I’ll part ways with my conversation companions as they detour from my route on their way to the grocery store. I’ll visit Streatham Memorial Garden, the historic site of a manor turned house turned villa and eventually in 1922 turned into a war memorial with a bronze statue to commemorate the dead of two World Wars and an obelisk for those living or who did live in Streatham that have been affected by violence.

I’m walking down Conyers Rd and there are three guys “working.” The first guy says, “I thought you lived here the way you was looking.” I tell him I was just watching him work. The guy on scaffolding below him says, “I just have to stand here and look good for you.” The third guy, on the ground supervising, asks what I’m doing here since it rains every day and “appreciating the weather” was my response as it starts to sprinkle again.

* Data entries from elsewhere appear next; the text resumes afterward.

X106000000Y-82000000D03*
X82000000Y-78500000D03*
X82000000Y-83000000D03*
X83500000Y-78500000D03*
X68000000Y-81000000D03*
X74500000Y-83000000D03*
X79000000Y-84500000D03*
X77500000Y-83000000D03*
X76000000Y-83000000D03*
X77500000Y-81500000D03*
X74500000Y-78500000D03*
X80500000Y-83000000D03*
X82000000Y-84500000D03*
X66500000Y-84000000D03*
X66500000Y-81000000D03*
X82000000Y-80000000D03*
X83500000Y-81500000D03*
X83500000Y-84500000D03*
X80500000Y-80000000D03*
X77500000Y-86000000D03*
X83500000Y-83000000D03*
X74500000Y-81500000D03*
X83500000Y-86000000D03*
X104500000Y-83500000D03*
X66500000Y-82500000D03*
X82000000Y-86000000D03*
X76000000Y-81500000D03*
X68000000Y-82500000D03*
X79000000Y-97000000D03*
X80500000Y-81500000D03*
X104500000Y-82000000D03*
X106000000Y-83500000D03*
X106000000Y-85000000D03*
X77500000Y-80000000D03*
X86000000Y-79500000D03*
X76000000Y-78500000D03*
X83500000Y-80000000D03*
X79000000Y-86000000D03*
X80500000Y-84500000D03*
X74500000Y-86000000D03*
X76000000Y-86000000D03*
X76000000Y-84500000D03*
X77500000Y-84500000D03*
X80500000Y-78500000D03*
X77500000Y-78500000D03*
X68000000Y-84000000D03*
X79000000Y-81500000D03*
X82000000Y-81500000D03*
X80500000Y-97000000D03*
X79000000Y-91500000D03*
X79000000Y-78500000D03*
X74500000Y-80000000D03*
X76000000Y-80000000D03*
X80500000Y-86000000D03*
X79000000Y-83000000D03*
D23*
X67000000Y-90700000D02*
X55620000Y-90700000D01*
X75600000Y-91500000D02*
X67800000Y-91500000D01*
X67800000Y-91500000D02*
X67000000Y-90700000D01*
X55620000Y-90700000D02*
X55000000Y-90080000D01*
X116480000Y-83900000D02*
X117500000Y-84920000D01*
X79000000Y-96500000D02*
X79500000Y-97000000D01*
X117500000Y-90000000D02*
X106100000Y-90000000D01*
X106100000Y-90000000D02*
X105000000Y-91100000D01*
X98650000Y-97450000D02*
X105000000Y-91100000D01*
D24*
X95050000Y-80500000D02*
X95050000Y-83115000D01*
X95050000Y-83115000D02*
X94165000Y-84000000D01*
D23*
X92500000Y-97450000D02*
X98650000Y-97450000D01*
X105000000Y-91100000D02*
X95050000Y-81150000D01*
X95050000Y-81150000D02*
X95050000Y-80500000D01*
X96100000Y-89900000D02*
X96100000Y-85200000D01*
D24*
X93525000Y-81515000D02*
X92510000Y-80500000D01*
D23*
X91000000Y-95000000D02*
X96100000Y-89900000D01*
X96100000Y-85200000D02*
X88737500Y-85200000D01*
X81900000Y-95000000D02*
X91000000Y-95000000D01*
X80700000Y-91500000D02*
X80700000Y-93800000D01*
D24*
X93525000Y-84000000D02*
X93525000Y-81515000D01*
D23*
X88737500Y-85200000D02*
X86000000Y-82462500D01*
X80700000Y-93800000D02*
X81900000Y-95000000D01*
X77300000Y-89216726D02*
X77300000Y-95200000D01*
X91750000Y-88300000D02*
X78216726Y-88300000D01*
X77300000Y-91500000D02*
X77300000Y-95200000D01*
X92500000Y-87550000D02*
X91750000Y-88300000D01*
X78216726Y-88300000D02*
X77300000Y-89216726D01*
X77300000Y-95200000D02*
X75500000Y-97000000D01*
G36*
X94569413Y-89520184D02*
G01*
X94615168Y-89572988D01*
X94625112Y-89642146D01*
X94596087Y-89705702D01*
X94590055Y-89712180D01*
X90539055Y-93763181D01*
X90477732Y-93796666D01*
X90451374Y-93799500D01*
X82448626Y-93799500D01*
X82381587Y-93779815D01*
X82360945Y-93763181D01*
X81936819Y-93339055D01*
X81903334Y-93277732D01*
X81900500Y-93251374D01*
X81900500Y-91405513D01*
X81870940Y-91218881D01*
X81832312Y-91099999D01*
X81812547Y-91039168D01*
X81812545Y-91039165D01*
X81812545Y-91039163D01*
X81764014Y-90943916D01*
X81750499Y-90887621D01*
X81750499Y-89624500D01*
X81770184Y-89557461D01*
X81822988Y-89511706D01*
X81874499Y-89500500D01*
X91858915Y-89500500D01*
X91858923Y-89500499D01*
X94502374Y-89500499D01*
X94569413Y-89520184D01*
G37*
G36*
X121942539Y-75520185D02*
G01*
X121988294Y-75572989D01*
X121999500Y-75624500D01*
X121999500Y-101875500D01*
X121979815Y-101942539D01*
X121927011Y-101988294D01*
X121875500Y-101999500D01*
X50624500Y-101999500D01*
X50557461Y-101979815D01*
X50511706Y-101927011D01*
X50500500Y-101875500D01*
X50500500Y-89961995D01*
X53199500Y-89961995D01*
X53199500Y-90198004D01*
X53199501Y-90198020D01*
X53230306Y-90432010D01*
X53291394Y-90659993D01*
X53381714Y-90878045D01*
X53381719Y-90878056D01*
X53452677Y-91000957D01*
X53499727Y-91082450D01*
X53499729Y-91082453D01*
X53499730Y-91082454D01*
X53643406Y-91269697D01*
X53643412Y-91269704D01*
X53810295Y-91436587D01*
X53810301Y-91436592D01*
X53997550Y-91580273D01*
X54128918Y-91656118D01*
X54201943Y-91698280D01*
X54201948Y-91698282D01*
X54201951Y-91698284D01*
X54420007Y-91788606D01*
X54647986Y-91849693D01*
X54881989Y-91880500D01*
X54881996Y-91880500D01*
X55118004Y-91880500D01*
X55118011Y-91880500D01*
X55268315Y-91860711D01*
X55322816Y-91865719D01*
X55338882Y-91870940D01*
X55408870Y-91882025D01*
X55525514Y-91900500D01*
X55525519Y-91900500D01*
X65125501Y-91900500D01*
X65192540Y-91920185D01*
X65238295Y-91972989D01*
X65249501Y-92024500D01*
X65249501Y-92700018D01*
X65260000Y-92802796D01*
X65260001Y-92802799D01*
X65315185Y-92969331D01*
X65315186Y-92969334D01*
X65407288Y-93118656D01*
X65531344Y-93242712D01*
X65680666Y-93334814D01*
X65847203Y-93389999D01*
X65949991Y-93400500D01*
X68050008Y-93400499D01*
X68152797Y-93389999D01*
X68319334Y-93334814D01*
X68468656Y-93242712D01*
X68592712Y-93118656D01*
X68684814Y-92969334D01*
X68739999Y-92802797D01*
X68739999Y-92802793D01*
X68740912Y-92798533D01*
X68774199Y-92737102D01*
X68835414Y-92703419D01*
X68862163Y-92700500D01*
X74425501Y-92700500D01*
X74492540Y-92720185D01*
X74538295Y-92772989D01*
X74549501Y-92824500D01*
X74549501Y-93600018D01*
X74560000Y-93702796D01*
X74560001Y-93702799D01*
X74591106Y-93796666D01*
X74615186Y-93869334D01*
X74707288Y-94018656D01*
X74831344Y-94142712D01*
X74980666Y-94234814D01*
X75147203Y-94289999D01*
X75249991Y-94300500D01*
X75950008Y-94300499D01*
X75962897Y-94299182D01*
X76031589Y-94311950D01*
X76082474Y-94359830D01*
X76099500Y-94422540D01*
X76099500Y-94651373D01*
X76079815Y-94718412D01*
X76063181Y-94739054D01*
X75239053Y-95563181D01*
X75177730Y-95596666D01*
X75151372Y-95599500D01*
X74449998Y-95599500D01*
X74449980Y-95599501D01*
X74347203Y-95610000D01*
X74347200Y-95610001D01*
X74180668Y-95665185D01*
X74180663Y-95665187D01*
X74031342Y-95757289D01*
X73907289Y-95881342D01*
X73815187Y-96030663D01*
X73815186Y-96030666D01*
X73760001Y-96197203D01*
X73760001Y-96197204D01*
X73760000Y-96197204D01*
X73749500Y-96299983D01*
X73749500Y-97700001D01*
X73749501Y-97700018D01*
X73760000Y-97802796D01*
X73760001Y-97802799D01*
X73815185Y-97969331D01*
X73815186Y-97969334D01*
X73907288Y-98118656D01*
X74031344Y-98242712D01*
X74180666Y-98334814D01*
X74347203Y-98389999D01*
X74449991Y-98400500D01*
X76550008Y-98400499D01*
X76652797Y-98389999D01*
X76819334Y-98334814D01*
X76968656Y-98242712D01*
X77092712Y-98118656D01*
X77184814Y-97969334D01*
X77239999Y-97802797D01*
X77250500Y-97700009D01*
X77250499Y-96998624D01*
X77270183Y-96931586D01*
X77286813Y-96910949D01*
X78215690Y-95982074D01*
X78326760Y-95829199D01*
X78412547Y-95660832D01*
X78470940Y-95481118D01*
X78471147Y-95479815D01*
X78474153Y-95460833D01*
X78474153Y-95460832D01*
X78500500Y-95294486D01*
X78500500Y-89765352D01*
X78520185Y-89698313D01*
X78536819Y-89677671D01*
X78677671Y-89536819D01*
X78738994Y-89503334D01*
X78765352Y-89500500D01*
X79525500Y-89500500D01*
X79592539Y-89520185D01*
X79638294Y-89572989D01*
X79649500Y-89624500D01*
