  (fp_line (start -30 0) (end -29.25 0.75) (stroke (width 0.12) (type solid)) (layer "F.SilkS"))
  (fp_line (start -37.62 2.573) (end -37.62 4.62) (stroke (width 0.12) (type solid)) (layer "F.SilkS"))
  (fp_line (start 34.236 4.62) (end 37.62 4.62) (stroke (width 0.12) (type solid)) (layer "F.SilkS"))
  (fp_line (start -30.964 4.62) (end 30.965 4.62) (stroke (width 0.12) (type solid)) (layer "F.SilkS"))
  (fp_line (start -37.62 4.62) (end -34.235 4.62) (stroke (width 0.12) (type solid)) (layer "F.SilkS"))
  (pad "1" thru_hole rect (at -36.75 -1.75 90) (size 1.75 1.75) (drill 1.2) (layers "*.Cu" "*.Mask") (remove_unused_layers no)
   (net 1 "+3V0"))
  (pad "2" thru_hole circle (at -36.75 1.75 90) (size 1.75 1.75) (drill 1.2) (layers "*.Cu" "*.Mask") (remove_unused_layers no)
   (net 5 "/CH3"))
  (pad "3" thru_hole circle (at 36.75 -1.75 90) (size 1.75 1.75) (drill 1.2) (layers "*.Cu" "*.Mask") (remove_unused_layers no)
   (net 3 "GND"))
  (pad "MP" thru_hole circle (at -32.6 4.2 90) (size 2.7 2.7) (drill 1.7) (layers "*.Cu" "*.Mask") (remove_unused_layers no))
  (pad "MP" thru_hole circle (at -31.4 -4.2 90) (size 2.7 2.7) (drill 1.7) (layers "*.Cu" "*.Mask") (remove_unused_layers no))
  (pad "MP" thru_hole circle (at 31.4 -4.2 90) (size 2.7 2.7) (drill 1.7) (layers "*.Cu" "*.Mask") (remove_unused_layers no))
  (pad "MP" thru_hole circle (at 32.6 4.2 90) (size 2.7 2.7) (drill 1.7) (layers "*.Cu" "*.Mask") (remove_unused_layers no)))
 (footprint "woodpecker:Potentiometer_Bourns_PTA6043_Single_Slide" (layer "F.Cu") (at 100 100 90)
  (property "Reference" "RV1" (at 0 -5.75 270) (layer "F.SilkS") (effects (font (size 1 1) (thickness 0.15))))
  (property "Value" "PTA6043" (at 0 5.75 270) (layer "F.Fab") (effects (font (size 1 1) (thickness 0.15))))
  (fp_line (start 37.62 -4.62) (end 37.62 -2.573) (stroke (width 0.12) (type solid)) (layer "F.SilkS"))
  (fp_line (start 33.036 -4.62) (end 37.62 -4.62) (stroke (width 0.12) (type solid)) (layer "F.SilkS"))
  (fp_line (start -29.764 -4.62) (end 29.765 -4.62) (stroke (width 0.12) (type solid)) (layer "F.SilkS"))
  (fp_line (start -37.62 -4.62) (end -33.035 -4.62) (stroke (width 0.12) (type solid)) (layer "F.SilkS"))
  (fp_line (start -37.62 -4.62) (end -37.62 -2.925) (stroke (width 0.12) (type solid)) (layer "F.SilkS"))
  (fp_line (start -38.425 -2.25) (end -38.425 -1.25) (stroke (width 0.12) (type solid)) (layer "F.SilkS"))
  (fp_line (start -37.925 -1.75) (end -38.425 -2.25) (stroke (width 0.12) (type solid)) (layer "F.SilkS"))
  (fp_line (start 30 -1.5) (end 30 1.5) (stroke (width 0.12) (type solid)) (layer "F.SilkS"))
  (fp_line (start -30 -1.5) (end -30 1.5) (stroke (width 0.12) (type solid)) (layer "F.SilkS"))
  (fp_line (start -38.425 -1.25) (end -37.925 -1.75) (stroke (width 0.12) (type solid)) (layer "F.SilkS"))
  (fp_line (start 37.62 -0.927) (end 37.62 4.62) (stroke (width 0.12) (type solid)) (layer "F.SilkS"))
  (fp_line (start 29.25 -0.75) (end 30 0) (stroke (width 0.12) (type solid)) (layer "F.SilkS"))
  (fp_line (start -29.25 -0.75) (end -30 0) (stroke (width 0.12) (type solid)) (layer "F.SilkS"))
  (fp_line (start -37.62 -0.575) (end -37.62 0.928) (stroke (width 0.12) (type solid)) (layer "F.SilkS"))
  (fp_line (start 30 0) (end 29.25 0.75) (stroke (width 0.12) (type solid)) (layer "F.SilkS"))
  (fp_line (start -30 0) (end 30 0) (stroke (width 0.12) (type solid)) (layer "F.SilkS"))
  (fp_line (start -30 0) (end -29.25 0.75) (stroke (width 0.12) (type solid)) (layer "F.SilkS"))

I’ll watch a girl in her rainbow socks and tutu learning to ride a bike through Tooting Commons, stop at a market across from Du Cane Court and buy as much food as will fit in my pockets, and pass a girl with adjustable skates and remember having a pair myself.

I’m wandering through Wandsworth which happens to be the location of one of seven of Her Majesty’s Prisons in the capital and one of the largest in the UK. On a scale of A to D on how dangerous the criminals are inside, this one rates a B, with mostly drug and mental health issues residing in this overcrowded compound.

I never thought to read reviews for a prison and yet they exist. 1) Relaxing break all paid for. Staff could be friendlier though. 2) Foods not great, but the library has a good choice of books. 3) … that I had won a 6 month all inclusive deal at this wonderful facility. If it wasn’t for needing an appointment due to covid, I would’ve asked to see a random visitor at the window and tried my luck. Had I gotten in, they’d have taken my thumbprint and photo, given me a wristband and fluorescent mark, and rubbed me down after emptying my pockets.

I take a detour through the Wandsworth Cemetery to admire all the art and history in one place with so much I don’t know about anyone here. This is close enough to death for me. I see two boys on their way to the playground and told them they need to know the password. One pipes up, “Mum, we need to know the password” and she responds, “Did you try pretty please?” He says please, I say that’s it, and one of the moms says she didn’t know there was one. I told her I was messing with them.

Today’s walk will end at the tennis gallery, a little shop with lots of books, some postcards, and a tennis ball teapot. Raindrops keep falling on my rides, but that doesn’t mean I won’t soon arrive, with bread in hand, back to the house. The bathroom is warmed up, seemingly just for me, so I take advantage before enjoying some blogging in the room on my last night here, in this flat, not London.